In the present work, simulations performed with the Mistral and Blizzard solvers revisit this discrepancy by examining the sensitivity of the result to the ring geometry and mass properties. A possible inconsistency was identified between the published model dimensions, the reported mass, and the expected mass obtained using the nominal aluminium density. In particular, the published ring thickness of 2.0 mm appears to lead to a mass larger than the reported experimental value.
As a working hypothesis, the ring thickness was reduced from 2.0 mm to 1.8 mm while keeping the rest of the experimental setup unchanged. This 10% reduction yields a substantially improved match with the measured free-flight trajectory and brings the predicted aerodynamic deceleration into close agreement with the experiment. The result suggests that the previously observed drag overprediction may not arise solely from modelling or numerical limitations, but could also be linked to uncertainty in the test-article geometry or mass properties.
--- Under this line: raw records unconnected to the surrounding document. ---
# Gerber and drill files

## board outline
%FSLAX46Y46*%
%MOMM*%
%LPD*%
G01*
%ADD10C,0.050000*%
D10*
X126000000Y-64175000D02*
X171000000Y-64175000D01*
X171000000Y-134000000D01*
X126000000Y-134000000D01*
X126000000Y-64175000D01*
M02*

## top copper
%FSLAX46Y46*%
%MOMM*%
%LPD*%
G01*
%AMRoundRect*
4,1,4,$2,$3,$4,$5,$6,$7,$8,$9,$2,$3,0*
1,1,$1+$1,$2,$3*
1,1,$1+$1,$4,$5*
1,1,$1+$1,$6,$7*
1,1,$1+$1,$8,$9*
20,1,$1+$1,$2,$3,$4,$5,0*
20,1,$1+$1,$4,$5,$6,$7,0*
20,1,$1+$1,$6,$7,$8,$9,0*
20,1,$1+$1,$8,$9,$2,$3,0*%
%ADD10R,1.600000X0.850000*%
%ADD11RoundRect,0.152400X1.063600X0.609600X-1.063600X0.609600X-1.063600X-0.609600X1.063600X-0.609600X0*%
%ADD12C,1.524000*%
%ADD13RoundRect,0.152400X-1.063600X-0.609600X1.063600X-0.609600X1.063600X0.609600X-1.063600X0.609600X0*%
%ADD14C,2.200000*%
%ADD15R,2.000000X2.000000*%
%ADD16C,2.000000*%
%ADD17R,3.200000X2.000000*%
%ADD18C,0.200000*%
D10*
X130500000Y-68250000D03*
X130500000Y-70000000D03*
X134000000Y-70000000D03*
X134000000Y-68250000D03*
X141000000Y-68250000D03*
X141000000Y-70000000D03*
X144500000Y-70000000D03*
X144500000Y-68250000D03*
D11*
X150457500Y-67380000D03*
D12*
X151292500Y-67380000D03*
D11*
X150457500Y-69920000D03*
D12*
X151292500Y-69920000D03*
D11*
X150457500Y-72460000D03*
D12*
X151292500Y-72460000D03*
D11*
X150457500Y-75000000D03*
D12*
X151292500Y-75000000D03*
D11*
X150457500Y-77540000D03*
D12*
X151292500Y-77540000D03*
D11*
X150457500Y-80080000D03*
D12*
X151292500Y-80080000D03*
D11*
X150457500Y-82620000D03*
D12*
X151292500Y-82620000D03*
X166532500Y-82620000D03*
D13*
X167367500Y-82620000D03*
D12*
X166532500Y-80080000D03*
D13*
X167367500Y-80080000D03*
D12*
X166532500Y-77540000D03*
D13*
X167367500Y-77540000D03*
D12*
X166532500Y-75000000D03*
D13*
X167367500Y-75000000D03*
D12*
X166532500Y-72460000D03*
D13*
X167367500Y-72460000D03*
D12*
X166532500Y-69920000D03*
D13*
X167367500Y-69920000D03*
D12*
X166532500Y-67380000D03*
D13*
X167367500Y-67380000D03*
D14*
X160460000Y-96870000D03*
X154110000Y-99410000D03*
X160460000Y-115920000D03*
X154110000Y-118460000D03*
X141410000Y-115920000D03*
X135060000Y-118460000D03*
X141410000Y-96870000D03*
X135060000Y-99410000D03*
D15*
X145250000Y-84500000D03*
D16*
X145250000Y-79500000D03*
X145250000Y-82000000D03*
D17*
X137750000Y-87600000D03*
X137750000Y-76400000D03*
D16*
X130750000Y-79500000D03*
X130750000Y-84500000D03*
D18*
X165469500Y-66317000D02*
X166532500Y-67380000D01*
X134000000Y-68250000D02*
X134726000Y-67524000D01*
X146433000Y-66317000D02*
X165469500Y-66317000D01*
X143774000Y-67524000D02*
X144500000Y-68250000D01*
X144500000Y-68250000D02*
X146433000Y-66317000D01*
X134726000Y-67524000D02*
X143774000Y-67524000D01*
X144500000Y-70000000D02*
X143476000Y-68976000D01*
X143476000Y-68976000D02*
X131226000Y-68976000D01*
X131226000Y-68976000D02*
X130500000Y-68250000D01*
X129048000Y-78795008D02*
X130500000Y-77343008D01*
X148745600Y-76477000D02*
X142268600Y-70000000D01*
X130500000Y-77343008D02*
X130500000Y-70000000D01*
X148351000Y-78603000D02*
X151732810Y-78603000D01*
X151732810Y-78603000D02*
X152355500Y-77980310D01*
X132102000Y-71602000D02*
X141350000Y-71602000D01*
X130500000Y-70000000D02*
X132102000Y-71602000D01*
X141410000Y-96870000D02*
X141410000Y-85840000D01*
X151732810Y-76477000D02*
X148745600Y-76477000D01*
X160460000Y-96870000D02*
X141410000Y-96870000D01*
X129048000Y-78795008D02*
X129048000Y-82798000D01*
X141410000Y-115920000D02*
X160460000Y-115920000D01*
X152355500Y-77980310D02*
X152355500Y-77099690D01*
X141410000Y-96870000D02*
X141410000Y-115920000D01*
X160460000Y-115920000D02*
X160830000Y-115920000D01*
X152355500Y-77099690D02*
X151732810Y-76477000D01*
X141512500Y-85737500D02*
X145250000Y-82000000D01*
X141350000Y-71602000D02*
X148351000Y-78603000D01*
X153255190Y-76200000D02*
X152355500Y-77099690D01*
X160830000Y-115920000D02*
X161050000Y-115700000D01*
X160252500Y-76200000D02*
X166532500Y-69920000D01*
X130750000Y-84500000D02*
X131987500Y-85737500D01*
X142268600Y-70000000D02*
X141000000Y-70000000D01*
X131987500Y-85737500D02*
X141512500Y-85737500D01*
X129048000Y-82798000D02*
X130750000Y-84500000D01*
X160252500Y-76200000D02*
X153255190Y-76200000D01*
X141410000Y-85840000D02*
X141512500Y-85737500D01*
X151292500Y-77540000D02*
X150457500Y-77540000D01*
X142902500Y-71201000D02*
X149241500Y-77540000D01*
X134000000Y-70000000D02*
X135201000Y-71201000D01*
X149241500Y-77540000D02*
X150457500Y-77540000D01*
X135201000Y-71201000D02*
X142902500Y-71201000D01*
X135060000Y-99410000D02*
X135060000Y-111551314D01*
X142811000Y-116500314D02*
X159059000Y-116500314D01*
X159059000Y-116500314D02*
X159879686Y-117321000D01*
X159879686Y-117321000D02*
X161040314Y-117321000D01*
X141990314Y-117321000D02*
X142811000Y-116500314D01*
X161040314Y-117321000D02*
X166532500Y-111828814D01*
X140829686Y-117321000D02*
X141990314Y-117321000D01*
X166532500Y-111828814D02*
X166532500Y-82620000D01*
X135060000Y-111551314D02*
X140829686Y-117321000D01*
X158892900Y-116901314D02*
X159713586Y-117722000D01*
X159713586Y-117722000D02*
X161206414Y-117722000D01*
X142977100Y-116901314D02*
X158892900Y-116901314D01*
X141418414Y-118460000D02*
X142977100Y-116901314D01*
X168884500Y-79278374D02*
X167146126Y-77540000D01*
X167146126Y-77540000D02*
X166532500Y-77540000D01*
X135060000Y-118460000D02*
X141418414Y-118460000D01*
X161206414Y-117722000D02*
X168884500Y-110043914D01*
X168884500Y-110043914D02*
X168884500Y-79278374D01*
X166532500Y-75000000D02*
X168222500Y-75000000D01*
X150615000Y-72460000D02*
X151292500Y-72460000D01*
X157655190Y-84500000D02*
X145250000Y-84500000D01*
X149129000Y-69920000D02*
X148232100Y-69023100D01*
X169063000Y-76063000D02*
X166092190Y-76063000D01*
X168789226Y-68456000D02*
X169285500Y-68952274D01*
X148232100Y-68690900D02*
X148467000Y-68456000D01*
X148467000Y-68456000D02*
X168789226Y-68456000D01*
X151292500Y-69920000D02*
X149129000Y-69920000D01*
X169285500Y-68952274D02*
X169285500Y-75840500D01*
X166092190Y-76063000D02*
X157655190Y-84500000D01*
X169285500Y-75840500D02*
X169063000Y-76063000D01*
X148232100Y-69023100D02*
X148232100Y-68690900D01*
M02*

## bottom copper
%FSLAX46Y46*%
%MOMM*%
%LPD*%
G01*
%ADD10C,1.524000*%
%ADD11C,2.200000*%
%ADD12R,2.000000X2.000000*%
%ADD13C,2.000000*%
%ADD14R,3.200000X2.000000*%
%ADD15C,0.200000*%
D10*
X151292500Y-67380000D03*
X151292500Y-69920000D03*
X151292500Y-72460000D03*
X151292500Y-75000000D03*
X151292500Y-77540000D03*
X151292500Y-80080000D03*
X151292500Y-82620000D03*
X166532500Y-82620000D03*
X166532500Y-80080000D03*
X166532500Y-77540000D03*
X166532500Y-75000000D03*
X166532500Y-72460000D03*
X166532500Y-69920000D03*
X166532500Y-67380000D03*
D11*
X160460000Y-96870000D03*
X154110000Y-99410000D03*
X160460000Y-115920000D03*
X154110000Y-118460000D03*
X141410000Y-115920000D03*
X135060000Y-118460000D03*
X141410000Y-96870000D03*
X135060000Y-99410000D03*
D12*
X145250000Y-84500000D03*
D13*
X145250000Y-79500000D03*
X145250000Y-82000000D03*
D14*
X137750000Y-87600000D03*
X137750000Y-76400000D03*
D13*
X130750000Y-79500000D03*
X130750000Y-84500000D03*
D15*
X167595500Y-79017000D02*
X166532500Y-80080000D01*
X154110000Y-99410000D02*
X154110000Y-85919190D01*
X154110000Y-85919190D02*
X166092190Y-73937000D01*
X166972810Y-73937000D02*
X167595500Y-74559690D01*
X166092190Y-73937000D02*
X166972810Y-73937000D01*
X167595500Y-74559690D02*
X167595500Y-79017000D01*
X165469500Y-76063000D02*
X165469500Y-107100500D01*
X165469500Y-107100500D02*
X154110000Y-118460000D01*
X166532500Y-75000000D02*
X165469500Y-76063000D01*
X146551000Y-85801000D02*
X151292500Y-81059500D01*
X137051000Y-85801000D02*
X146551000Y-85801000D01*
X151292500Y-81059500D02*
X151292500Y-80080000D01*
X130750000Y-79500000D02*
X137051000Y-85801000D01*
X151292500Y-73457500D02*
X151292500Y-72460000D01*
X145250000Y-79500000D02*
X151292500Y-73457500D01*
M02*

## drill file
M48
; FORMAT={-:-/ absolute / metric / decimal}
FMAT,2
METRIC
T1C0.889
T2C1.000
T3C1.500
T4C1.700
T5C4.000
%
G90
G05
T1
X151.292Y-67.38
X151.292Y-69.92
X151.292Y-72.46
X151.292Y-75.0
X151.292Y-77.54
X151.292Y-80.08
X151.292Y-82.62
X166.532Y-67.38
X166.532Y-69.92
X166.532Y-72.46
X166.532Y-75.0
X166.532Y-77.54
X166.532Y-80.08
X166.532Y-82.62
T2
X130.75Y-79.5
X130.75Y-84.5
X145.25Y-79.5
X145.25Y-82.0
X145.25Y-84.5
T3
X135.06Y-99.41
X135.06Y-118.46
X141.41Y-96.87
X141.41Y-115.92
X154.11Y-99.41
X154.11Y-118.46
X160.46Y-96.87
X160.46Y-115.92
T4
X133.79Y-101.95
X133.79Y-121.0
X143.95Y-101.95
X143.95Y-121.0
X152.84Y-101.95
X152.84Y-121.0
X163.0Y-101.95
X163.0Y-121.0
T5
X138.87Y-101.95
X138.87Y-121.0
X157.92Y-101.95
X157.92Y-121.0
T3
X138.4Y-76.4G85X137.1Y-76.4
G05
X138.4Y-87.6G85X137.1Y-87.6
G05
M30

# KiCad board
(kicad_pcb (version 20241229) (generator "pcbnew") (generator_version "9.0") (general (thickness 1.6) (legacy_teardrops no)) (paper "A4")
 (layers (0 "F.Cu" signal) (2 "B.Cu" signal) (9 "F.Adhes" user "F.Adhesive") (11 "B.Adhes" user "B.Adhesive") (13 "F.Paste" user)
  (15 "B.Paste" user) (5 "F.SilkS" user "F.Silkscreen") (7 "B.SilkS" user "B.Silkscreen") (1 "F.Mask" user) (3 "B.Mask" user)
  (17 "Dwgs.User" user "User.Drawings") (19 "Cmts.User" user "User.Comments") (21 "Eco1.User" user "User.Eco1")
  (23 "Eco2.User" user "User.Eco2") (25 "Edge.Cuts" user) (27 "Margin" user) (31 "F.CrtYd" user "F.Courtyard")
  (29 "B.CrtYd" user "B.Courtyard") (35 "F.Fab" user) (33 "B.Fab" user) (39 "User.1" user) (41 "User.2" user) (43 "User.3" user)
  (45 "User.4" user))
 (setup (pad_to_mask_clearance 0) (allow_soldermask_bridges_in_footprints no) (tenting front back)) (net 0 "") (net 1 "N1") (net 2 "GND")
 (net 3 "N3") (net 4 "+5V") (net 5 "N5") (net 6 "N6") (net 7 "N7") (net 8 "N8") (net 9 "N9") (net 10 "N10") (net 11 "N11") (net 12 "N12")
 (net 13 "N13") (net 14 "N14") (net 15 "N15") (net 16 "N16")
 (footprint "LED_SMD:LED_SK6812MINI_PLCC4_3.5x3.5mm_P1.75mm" (layer "F.Cu") (at 132.25 69.125)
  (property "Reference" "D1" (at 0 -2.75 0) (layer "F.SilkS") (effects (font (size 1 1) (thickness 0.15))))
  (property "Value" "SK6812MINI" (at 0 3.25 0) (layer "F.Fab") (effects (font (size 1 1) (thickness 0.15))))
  (pad "1" smd rect (at -1.75 -0.875) (size 1.6 0.85) (layers "F.Cu" "F.Mask" "F.Paste") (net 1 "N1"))
  (pad "2" smd rect (at -1.75 0.875) (size 1.6 0.85) (layers "F.Cu" "F.Mask" "F.Paste") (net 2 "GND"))
  (pad "3" smd rect (at 1.75 0.875) (size 1.6 0.85) (layers "F.Cu" "F.Mask" "F.Paste") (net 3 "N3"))
  (pad "4" smd rect (at 1.75 -0.875) (size 1.6 0.85) (layers "F.Cu" "F.Mask" "F.Paste") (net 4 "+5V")))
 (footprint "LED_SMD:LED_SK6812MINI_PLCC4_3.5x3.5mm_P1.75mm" (layer "F.Cu") (at 142.75 69.125)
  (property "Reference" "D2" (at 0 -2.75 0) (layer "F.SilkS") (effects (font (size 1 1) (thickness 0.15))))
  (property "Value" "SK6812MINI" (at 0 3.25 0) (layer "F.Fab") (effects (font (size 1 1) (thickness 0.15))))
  (pad "1" smd rect (at -1.75 -0.875) (size 1.6 0.85) (layers "F.Cu" "F.Mask" "F.Paste") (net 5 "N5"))
  (pad "2" smd rect (at -1.75 0.875) (size 1.6 0.85) (layers "F.Cu" "F.Mask" "F.Paste") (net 2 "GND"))
  (pad "3" smd rect (at 1.75 0.875) (size 1.6 0.85) (layers "F.Cu" "F.Mask" "F.Paste") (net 1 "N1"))
  (pad "4" smd rect (at 1.75 -0.875) (size 1.6 0.85) (layers "F.Cu" "F.Mask" "F.Paste") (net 4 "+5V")))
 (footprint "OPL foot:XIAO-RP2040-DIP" (layer "F.Cu") (at 158.9125 75)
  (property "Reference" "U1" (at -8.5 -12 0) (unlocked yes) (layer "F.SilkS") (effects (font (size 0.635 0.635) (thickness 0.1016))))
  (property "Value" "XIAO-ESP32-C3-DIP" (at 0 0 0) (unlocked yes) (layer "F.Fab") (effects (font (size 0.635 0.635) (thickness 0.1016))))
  (pad "1" smd roundrect (at -8.455 -7.62 180) (size 2.432 1.524) (layers "F.Cu" "F.Mask") (roundrect_rratio 0.1) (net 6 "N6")
   (thermal_bridge_angle 45))
  (pad "1" thru_hole circle (at -7.62 -7.62 180) (size 1.524 1.524) (drill 0.889) (layers "*.Cu" "*.Mask") (remove_unused_layers no)
   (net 6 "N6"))
  (pad "2" smd roundrect (at -8.455 -5.08 180) (size 2.432 1.524) (layers "F.Cu" "F.Mask") (roundrect_rratio 0.1) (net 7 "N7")
   (thermal_bridge_angle 45))
  (pad "2" thru_hole circle (at -7.62 -5.08 180) (size 1.524 1.524) (drill 0.889) (layers "*.Cu" "*.Mask") (remove_unused_layers no)
   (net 7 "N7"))
  (pad "3" smd roundrect (at -8.455 -2.54 180) (size 2.432 1.524) (layers "F.Cu" "F.Mask") (roundrect_rratio 0.1) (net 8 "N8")
   (thermal_bridge_angle 45))
  (pad "3" thru_hole circle (at -7.62 -2.54 180) (size 1.524 1.524) (drill 0.889) (layers "*.Cu" "*.Mask") (remove_unused_layers no)
   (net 8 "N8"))
  (pad "4" smd roundrect (at -8.455 0 180) (size 2.432 1.524) (layers "F.Cu" "F.Mask") (roundrect_rratio 0.1) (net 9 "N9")
   (thermal_bridge_angle 45))
  (pad "4" thru_hole circle (at -7.62 0 180) (size 1.524 1.524) (drill 0.889) (layers "*.Cu" "*.Mask") (remove_unused_layers no)
   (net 9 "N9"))
  (pad "5" smd roundrect (at -8.455 2.54 180) (size 2.432 1.524) (layers "F.Cu" "F.Mask") (roundrect_rratio 0.1) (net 3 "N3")
   (thermal_bridge_angle 45))
  (pad "5" thru_hole circle (at -7.62 2.54 180) (size 1.524 1.524) (drill 0.889) (layers "*.Cu" "*.Mask") (remove_unused_layers no)
   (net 3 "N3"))
  (pad "6" smd roundrect (at -8.455 5.08 180) (size 2.432 1.524) (layers "F.Cu" "F.Mask") (roundrect_rratio 0.1) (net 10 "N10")
   (thermal_bridge_angle 45))
  (pad "6" thru_hole circle (at -7.62 5.08 180) (size 1.524 1.524) (drill 0.889) (layers "*.Cu" "*.Mask") (remove_unused_layers no)
   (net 10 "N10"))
This interpretation remains provisional: the proposed thickness correction has not yet been confirmed by VKI, and clarification of the exact manufactured geometry and material properties is still pending. Nevertheless, the study highlights the strong sensitivity of the flying-ring configuration to small geometric variations and underlines the need for precise, traceable mass-property data when using free-flight experiments as validation benchmarks.
The work further demonstrates the ability of the Mistral solver to reproduce complex hypersonic shock-interference dynamics when the reconstructed test-article properties are consistent with the observed motion.